Another significant theological problem stems from the nature of the villains. The villains in Chiveis are not “regular” bad guys. They are Satanists, motivate by love for Satan, and eager to prove their devotion to the original dark lord by being as cartoonishly evil as possible. They wear black hooded robes. They torture animals. They summon demons. Their motto is “Cruelty is strength.” They are united in an ancient blood pact. The villains are so over-the-top evil that they are impossible to take seriously, much less empathize with as human beings.
This is bad writing, of course, but it has the consequence that Chiveis never really deals with the concepts of sin or repentance.
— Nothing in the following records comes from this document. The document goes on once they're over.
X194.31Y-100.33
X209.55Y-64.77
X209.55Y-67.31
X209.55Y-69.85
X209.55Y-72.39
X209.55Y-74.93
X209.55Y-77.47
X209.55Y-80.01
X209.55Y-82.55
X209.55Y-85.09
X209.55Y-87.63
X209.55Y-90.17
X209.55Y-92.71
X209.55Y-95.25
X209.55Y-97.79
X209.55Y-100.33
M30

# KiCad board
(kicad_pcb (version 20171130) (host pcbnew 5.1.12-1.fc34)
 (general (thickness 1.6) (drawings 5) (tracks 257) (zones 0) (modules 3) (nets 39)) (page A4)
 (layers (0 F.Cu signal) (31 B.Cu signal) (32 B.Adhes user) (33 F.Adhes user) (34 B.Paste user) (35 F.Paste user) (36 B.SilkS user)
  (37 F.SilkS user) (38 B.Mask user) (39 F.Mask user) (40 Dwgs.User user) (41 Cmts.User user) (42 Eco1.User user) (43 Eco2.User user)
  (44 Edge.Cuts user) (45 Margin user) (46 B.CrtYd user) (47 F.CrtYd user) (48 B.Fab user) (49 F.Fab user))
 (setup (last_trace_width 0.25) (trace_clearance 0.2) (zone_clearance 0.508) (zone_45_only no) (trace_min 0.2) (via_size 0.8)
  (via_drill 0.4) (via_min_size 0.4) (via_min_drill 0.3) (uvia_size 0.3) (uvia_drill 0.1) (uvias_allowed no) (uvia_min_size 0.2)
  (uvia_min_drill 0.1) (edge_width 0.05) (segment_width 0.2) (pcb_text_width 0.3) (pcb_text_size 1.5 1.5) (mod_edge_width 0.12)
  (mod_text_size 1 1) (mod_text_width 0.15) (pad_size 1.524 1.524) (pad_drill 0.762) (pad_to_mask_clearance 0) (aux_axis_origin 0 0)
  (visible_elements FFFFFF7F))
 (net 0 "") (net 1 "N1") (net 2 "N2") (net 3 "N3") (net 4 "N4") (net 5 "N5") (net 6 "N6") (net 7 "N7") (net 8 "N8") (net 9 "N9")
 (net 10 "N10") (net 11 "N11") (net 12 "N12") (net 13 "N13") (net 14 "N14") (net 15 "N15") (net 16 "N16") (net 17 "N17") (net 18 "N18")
The bad guys are so bad that there is never any prospect of their repenting, and the concept of sin seems too nuanced to apply to them. Conversely, the good guys are so good that they have nothing to repent of. Ana and Teo each commit a token sin in an evident attempt to give some arc to their otherwise flat characters, but in both cases the sin is such a sudden and brief aberration from their normal behavior that there is no sense of transformation, renewal, or struggle when they turn from it. They briefly swerve from their virtuous statī quo and then immediately swerve back, as if nothing had happened. There are two side characters who go through more realistic repentance, but in both cases they are repenting of collaboration with the Satanists, and their repentance is not a rejection of sin as such, but rather a rejection of the Satanists’s overtly sinister agenda.
It is this shallow reduction of Christianity that makes Chiveis a very bad story. Instead of explaining concepts like sin, repentance, atonement, or eternal life, Chiveis treats Christianity almost as a sort of white magic that empowers people who posses a sufficient level of virtue. While Christians might just roll their eyes at this simplistic and inaccurate depiction of their faith, this misinformation could be dangerous to a person who is genuinely ignorant of Christian doctrine.
The Chiveis Trilogy is comprehensively bad and was enormously disappointing. I give it zero stars, and I recommend it for no one. Its only redeeming quality is that it is so bad that many parts are inadvertently funny, and they can be enjoyed on a “so bad it’s good” basis.